**Instructions for connecting the accelerometer ADXL335 to the Arduino****We will need:**

- Arduino UNO board or other compatible;
- module with accelerometer ADXL335;
- connecting wires;
- breadboard.

**The principle of operation of the digital accelerometer**

Accelerometers are used to determine the acceleration vector. The ADXL335 accelerometer has three axes, and due to this, it can determine the acceleration vector in three-dimensional space.

Due to the fact that the force of gravity is also a vector, we can determine the orientation of the accelerometer in three-dimensional space relative to the center of the Earth.

The illustration shows pictures from the passport for the ADXL335 accelerometer. It shows the coordinate axes of the sensitivity of the accelerometer with respect to the geometric placement of the device body in space, as well as acceleration values are taken from the 3 channels of the accelerometer, depending on its orientation in space.
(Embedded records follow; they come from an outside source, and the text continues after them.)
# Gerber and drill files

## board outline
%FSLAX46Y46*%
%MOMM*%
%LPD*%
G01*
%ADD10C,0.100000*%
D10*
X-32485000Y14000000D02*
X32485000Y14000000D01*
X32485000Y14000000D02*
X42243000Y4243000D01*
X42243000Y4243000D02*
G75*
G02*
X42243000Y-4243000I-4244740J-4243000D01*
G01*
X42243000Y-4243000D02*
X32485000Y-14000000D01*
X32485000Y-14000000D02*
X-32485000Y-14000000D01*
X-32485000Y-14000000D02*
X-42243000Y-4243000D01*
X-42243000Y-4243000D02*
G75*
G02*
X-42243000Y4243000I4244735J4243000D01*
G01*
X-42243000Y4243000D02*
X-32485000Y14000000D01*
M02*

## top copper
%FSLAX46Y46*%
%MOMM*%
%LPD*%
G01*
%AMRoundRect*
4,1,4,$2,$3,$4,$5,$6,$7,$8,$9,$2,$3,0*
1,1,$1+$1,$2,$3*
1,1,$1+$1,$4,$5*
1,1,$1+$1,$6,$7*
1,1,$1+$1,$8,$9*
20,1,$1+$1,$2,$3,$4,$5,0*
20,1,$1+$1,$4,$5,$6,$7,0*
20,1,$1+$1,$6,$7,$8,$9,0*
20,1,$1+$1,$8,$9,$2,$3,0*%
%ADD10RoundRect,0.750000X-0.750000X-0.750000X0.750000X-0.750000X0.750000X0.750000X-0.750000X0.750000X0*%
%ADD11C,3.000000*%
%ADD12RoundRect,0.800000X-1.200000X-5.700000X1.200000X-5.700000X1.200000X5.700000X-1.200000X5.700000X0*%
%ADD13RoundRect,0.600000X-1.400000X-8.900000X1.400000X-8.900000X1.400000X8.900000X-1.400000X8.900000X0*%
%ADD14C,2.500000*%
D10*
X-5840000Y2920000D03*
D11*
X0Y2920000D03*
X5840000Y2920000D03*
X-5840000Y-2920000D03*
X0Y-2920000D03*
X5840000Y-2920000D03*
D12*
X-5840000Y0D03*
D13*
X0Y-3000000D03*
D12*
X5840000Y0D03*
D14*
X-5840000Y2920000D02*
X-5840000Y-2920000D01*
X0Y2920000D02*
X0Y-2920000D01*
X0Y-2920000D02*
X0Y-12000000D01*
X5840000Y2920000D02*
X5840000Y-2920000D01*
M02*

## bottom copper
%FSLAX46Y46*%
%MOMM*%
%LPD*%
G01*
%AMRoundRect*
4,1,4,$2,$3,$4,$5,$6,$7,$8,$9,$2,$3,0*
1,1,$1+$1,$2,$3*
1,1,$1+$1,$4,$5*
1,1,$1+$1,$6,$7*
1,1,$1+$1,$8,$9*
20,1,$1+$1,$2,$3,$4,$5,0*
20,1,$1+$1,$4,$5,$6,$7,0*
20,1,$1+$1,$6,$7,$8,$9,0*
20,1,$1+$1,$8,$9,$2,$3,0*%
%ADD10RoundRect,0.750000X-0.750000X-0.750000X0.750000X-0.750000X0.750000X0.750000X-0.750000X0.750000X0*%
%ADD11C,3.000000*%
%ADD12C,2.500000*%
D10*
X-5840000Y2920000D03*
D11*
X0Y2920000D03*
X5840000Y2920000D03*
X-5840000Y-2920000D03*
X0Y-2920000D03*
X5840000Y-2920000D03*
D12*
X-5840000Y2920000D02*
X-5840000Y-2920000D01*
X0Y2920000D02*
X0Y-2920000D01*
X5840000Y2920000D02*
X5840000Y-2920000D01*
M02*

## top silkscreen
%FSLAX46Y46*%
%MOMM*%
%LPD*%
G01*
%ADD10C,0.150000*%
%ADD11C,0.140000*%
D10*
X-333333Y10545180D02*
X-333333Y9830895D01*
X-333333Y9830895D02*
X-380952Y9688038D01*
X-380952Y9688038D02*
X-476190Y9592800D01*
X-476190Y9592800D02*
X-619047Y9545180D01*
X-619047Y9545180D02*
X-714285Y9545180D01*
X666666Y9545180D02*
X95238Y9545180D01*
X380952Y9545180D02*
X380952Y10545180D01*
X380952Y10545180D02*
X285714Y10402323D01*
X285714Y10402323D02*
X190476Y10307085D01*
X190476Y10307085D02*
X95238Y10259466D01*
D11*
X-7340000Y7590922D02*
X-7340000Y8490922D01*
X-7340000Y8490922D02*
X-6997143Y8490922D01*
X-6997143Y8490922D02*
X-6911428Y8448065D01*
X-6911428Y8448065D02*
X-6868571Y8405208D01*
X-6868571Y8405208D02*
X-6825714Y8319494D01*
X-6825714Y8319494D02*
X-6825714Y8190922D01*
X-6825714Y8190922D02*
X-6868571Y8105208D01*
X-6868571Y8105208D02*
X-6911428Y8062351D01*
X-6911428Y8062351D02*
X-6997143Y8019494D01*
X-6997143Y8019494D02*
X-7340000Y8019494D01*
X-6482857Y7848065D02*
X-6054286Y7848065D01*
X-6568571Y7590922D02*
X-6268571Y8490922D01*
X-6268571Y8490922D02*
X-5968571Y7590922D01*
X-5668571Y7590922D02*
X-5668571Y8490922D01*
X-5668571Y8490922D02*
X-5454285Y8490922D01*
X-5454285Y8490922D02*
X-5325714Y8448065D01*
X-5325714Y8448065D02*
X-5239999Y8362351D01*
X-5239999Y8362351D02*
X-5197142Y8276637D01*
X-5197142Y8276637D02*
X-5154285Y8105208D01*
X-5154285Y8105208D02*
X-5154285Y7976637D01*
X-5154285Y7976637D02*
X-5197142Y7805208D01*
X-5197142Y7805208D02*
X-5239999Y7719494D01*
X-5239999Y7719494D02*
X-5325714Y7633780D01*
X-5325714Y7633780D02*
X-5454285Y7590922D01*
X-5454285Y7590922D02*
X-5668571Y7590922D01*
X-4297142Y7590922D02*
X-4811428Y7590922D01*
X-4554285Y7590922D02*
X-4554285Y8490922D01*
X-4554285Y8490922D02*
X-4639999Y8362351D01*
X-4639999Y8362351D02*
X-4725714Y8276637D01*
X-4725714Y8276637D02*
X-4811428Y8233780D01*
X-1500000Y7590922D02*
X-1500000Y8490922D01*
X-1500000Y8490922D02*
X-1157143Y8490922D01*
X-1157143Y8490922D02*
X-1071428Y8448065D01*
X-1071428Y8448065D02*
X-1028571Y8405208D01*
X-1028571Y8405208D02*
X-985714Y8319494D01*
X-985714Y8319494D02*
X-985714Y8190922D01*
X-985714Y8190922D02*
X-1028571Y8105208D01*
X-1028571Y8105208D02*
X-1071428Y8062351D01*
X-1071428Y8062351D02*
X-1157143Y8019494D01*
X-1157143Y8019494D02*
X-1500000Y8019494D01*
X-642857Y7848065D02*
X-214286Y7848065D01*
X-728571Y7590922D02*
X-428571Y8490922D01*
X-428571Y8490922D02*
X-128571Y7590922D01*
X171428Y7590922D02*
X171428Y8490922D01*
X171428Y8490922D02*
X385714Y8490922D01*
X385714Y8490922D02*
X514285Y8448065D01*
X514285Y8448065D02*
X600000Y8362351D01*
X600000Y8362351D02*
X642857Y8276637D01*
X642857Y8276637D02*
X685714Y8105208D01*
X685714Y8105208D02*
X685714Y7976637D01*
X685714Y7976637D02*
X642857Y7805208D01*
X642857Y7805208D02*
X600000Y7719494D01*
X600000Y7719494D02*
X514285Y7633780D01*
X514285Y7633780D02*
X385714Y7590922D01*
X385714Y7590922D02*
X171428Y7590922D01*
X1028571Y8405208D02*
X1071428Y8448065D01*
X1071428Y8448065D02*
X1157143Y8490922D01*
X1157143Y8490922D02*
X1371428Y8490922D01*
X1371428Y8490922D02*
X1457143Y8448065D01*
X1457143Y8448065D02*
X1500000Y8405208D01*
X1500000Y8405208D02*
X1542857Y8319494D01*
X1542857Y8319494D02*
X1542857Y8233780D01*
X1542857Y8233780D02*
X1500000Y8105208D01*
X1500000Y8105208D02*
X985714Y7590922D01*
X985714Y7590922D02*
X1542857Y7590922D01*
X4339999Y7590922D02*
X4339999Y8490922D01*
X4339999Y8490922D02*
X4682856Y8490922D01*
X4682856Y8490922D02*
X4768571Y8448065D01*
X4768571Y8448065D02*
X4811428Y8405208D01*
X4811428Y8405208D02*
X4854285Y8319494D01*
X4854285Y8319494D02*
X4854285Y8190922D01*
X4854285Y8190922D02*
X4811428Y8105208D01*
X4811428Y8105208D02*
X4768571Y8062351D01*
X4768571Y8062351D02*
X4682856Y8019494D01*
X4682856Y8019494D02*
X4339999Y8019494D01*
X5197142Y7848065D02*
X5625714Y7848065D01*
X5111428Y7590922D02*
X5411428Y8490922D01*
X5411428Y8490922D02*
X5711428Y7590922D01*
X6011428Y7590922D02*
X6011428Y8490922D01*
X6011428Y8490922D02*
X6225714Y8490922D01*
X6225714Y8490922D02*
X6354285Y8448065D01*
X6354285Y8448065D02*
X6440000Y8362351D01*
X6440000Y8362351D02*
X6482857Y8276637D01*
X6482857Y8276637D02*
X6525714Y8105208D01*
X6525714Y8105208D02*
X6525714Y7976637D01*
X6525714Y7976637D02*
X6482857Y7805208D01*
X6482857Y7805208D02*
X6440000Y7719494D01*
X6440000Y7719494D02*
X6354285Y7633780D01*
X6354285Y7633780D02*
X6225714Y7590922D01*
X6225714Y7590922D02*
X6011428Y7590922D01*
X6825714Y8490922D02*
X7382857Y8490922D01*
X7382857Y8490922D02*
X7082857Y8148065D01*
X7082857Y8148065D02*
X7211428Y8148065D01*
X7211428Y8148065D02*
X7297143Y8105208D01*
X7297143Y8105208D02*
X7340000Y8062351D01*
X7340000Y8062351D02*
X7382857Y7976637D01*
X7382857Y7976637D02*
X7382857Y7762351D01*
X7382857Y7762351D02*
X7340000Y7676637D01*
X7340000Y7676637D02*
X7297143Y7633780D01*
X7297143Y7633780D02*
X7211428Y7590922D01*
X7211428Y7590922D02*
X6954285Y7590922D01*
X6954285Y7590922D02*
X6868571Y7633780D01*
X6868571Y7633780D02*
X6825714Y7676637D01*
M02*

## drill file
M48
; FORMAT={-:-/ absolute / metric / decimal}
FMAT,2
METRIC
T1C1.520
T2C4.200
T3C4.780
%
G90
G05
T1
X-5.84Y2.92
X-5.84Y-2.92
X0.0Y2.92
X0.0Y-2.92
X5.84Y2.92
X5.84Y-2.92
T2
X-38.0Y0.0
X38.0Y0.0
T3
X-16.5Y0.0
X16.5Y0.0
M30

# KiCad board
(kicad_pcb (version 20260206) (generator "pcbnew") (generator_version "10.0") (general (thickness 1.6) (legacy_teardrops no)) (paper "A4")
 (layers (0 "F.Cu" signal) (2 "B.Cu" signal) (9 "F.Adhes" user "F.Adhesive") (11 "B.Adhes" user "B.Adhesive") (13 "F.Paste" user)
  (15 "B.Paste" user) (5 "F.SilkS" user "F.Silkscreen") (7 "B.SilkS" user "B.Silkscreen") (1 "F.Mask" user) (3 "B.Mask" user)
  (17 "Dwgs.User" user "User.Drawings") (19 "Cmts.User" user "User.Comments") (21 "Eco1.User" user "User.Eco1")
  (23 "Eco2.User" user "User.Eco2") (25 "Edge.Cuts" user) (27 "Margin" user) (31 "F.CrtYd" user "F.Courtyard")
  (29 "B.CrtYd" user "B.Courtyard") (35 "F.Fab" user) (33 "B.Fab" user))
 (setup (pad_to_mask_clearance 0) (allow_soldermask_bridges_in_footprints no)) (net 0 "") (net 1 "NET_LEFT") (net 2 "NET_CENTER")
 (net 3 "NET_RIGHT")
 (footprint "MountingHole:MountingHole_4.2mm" (layer "F.Cu") (at -38 0)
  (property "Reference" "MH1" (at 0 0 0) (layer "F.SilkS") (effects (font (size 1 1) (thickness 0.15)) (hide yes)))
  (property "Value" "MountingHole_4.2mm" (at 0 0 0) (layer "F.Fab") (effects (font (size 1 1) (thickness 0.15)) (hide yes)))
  (pad "" np_thru_hole circle (at 0 0) (size 4.2 4.2) (drill 4.2) (layers "*.Mask")))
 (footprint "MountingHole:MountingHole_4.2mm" (layer "F.Cu") (at 38 0)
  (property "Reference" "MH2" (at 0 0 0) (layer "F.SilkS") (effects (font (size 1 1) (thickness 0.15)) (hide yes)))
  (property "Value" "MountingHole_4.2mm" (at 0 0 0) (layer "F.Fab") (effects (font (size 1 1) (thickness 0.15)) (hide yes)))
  (pad "" np_thru_hole circle (at 0 0) (size 4.2 4.2) (drill 4.2) (layers "*.Mask")))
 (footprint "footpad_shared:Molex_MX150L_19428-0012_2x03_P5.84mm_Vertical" (layer "F.Cu") (at 0 0)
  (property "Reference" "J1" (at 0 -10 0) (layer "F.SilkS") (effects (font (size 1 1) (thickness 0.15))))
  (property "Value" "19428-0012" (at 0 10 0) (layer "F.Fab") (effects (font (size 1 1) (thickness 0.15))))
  (pad "1" thru_hole roundrect (at -5.84 -2.92) (size 3 3) (drill 1.52) (layers "*.Cu" "*.Mask") (roundrect_rratio 0.25) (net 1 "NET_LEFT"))
  (pad "2" thru_hole circle (at 0 -2.92) (size 3 3) (drill 1.52) (layers "*.Cu" "*.Mask") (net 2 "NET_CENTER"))
  (pad "3" thru_hole circle (at 5.84 -2.92) (size 3 3) (drill 1.52) (layers "*.Cu" "*.Mask") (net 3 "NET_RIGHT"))
  (pad "4" thru_hole circle (at -5.84 2.92) (size 3 3) (drill 1.52) (layers "*.Cu" "*.Mask") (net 1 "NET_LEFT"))
  (pad "5" thru_hole circle (at 0 2.92) (size 3 3) (drill 1.52) (layers "*.Cu" "*.Mask") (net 2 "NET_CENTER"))
  (pad "6" thru_hole circle (at 5.84 2.92) (size 3 3) (drill 1.52) (layers "*.Cu" "*.Mask") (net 3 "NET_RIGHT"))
The data are given for a sensor at rest, on which only the force of the earth acts.

Let’s take a closer look at what the accelerometer shows us.

Let the sensor lie horizontally, for example, on a table. Then the projection of the acceleration vector will be equal to “1g” along the Z axis, or Zout = 1g. The remaining two axes will be zeros: Xout = 0 and Yout = 0. When you rotate the sensor “on the back”, it will be directed in the opposite direction relative to the gravity vector, i.e. Zout = −1g. Similarly, measurements are taken on all three axes. It is clear that the accelerometer can be located as desired in space, so we will take non-zero readings from all three channels.
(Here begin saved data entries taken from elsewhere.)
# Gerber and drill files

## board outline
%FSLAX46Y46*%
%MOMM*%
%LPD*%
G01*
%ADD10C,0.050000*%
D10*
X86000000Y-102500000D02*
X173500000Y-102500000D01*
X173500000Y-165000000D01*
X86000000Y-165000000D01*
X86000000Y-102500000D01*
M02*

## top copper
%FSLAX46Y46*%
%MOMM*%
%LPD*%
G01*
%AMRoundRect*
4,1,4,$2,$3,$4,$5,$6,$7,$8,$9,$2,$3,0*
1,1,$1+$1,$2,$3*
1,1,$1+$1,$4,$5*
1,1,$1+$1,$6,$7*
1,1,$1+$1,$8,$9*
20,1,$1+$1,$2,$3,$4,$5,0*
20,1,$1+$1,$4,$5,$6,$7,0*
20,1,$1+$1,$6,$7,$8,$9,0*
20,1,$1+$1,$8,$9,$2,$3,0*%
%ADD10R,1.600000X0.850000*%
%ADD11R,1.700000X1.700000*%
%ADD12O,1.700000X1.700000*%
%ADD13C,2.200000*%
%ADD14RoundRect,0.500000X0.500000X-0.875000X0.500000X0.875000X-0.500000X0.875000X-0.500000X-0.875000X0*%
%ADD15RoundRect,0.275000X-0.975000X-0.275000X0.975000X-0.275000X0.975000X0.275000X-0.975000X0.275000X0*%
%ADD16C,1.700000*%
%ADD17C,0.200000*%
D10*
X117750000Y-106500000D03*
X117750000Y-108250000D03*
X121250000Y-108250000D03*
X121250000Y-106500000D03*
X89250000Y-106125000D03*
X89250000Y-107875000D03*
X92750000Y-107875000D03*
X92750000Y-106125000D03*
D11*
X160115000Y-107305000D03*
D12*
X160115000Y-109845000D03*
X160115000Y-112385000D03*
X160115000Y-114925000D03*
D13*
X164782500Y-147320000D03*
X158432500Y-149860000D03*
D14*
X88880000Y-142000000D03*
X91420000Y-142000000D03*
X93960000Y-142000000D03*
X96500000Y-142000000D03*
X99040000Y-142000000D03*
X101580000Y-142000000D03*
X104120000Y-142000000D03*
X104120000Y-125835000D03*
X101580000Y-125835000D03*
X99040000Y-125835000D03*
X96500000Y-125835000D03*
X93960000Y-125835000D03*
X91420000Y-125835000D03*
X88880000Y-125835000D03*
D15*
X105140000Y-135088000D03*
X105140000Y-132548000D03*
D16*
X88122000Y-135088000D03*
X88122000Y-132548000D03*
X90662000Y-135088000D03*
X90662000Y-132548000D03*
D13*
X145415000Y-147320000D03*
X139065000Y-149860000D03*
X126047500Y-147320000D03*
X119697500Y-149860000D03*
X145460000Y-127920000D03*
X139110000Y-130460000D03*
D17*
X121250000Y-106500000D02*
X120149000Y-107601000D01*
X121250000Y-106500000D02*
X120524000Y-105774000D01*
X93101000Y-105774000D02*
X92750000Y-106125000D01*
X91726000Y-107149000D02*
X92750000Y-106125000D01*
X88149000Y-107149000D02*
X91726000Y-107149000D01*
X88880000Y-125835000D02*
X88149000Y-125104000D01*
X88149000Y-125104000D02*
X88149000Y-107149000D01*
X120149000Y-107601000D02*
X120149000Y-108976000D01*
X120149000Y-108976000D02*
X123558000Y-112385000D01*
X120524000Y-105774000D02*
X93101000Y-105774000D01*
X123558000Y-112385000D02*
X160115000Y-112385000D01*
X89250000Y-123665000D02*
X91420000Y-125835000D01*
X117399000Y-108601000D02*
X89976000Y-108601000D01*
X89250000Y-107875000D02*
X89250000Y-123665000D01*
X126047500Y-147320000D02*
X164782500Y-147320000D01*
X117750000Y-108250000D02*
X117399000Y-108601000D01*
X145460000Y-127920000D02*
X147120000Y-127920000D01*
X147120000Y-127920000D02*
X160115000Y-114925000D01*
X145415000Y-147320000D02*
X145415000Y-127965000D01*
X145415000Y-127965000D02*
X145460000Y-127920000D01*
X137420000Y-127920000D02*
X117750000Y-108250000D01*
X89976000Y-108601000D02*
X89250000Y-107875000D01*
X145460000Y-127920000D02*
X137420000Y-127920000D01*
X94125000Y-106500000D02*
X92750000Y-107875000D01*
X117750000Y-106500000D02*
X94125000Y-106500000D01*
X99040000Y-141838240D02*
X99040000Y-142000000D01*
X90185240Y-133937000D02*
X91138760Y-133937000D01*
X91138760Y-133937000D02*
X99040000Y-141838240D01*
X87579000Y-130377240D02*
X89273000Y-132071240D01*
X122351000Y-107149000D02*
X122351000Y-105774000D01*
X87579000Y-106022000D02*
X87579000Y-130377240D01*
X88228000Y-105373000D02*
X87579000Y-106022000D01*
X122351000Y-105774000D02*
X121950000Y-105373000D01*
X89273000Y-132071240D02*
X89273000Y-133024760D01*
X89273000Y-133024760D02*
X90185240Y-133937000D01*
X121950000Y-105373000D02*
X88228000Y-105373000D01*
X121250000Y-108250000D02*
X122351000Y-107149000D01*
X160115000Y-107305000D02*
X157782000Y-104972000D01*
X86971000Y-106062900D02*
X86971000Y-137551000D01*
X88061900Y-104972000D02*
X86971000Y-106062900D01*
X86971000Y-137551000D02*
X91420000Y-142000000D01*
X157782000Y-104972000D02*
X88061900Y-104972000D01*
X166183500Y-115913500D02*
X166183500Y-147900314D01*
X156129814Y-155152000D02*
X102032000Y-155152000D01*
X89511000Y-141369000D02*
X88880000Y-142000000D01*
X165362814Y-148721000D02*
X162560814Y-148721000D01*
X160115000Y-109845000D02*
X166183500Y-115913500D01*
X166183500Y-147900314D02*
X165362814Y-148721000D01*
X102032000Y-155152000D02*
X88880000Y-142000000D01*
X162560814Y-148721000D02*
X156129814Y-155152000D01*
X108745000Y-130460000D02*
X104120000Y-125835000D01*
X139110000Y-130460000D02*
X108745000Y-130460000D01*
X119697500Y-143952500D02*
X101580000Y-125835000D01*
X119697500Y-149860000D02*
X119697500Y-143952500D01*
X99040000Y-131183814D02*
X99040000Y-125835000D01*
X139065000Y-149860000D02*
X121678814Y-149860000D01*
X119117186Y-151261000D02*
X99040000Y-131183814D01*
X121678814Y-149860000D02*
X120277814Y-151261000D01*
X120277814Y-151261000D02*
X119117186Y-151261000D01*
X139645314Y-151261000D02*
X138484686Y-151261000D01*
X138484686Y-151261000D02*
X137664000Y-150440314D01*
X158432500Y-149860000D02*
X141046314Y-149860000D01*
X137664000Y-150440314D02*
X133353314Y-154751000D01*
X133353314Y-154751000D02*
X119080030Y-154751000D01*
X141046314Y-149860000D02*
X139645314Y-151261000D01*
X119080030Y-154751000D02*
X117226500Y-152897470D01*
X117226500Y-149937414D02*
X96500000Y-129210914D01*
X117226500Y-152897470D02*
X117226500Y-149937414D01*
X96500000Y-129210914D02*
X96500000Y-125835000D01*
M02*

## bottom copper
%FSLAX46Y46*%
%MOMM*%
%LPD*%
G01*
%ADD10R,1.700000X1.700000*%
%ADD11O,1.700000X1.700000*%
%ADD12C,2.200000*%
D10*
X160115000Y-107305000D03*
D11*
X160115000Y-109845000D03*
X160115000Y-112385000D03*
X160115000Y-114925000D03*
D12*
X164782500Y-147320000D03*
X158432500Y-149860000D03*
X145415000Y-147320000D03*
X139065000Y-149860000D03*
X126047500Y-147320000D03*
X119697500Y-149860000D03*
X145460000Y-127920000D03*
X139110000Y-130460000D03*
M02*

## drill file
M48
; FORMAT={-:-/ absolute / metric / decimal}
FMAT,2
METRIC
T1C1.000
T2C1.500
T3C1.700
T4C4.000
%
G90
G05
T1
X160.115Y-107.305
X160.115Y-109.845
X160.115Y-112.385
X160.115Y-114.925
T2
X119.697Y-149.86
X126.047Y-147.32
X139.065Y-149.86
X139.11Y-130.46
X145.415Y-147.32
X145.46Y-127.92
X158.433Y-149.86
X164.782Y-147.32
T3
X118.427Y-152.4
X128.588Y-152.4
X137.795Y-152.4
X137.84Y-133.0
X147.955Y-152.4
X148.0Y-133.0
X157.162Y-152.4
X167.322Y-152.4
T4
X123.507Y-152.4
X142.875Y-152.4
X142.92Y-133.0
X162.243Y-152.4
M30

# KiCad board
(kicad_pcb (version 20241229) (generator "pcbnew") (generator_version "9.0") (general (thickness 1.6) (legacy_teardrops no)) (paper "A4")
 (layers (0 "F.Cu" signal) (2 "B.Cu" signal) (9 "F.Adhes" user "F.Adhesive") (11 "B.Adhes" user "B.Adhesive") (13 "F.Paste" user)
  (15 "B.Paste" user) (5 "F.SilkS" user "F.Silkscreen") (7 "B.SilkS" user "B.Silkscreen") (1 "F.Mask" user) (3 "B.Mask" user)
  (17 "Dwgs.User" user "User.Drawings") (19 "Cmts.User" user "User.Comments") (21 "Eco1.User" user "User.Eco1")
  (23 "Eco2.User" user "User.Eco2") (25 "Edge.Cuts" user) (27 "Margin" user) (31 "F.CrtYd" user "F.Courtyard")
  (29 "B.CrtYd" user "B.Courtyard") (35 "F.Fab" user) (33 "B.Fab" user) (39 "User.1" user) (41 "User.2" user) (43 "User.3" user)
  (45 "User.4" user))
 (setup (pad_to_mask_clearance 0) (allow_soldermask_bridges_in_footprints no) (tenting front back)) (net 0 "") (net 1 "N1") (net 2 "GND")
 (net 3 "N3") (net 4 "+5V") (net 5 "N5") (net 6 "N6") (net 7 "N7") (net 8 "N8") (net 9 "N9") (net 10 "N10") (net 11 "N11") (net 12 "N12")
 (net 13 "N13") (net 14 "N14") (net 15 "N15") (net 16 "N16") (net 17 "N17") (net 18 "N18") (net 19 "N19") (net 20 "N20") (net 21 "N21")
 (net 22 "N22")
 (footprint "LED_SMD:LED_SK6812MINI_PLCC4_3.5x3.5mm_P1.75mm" (layer "F.Cu") (at 119.5 107.375)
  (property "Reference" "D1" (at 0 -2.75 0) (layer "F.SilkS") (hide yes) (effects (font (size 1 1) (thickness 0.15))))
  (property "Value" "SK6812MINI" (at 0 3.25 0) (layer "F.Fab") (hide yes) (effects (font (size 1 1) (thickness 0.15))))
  (pad "1" smd rect (at -1.75 -0.875) (size 1.6 0.85) (layers "F.Cu" "F.Mask" "F.Paste") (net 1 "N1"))
  (pad "2" smd rect (at -1.75 0.875) (size 1.6 0.85) (layers "F.Cu" "F.Mask" "F.Paste") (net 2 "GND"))
  (pad "3" smd rect (at 1.75 0.875) (size 1.6 0.85) (layers "F.Cu" "F.Mask" "F.Paste") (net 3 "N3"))
  (pad "4" smd rect (at 1.75 -0.875) (size 1.6 0.85) (layers "F.Cu" "F.Mask" "F.Paste") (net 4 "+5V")))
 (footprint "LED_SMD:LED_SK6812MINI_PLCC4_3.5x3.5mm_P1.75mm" (layer "F.Cu") (at 91 107)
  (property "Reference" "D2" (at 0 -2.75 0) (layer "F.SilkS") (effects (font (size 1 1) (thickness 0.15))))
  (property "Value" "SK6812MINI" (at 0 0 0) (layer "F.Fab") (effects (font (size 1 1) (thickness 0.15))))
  (pad "1" smd rect (at -1.75 -0.875) (size 1.6 0.85) (layers "F.Cu" "F.Mask" "F.Paste") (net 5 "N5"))
  (pad "2" smd rect (at -1.75 0.875) (size 1.6 0.85) (layers "F.Cu" "F.Mask" "F.Paste") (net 2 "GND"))
  (pad "3" smd rect (at 1.75 0.875) (size 1.6 0.85) (layers "F.Cu" "F.Mask" "F.Paste") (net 1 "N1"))
  (pad "4" smd rect (at 1.75 -0.875) (size 1.6 0.85) (layers "F.Cu" "F.Mask" "F.Paste") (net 4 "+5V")))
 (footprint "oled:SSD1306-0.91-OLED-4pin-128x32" (layer "F.Cu") (at 123.615 105.115)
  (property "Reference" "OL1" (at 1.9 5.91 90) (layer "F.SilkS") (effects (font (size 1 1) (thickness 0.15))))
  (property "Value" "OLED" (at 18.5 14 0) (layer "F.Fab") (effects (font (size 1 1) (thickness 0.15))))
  (pad "1" thru_hole rect (at 36.5 2.19) (size 1.7 1.7) (drill 1) (layers "*.Cu" "*.Mask") (remove_unused_layers no) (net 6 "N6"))
  (pad "2" thru_hole oval (at 36.5 4.73) (size 1.7 1.7) (drill 1) (layers "*.Cu" "*.Mask") (remove_unused_layers no) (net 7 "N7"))
  (pad "3" thru_hole oval (at 36.5 7.27) (size 1.7 1.7) (drill 1) (layers "*.Cu" "*.Mask") (remove_unused_layers no) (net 4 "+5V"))
  (pad "4" thru_hole oval (at 36.5 9.81) (size 1.7 1.7) (drill 1) (layers "*.Cu" "*.Mask") (remove_unused_layers no) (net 2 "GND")))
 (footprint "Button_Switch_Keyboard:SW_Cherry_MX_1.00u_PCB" (layer "F.Cu") (at 164.7825 147.32)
If the sensor is strongly shaken along the vertical Z axis, the Zout value will be greater than “1g”. The maximum measured acceleration is “± 3g” on each of the axes (“plus” and “minus” here indicate the direction of acceleration).

I think, with the principle of operation of the accelerometer sorted out. Now consider the wiring diagram.

**Connection diagram of the accelerometer to the Arduino**

The ADXL335 analog accelerometer chip is rather small and placed in a BGA package, and at home, it is difficult to mount it on a board. Therefore, I will use a ready-made GY-61 module with an ADXL335 accelerometer.

To power the accelerometer, it is necessary to apply a voltage of +3.3 V to the VCC module output. The measuring channels of the sensor are connected to the analog outputs of the Arduino, for example, “A0”, “A1” and “A2”.

**Calibrate Analog Accelerometer ADXL335**

Arduino has a 10-bit ADC, and the maximum allowable voltage at the output is 5 volts. The measured voltages are encoded with bits that can take on only 2 values — 0 or 1. This means that the entire measurement range will be divided by (1 + 1) 10, i.e. on 1024 equal pieces. In order to translate the readings taken in volts, you need to divide each value measured at the analog input by 1024 (segment), and then multiply by 5 (volt).

Let’s load this sketch into the Arduino memory. We will read indications from three channels from analog inputs, convert them to voltage and output them to the serial port.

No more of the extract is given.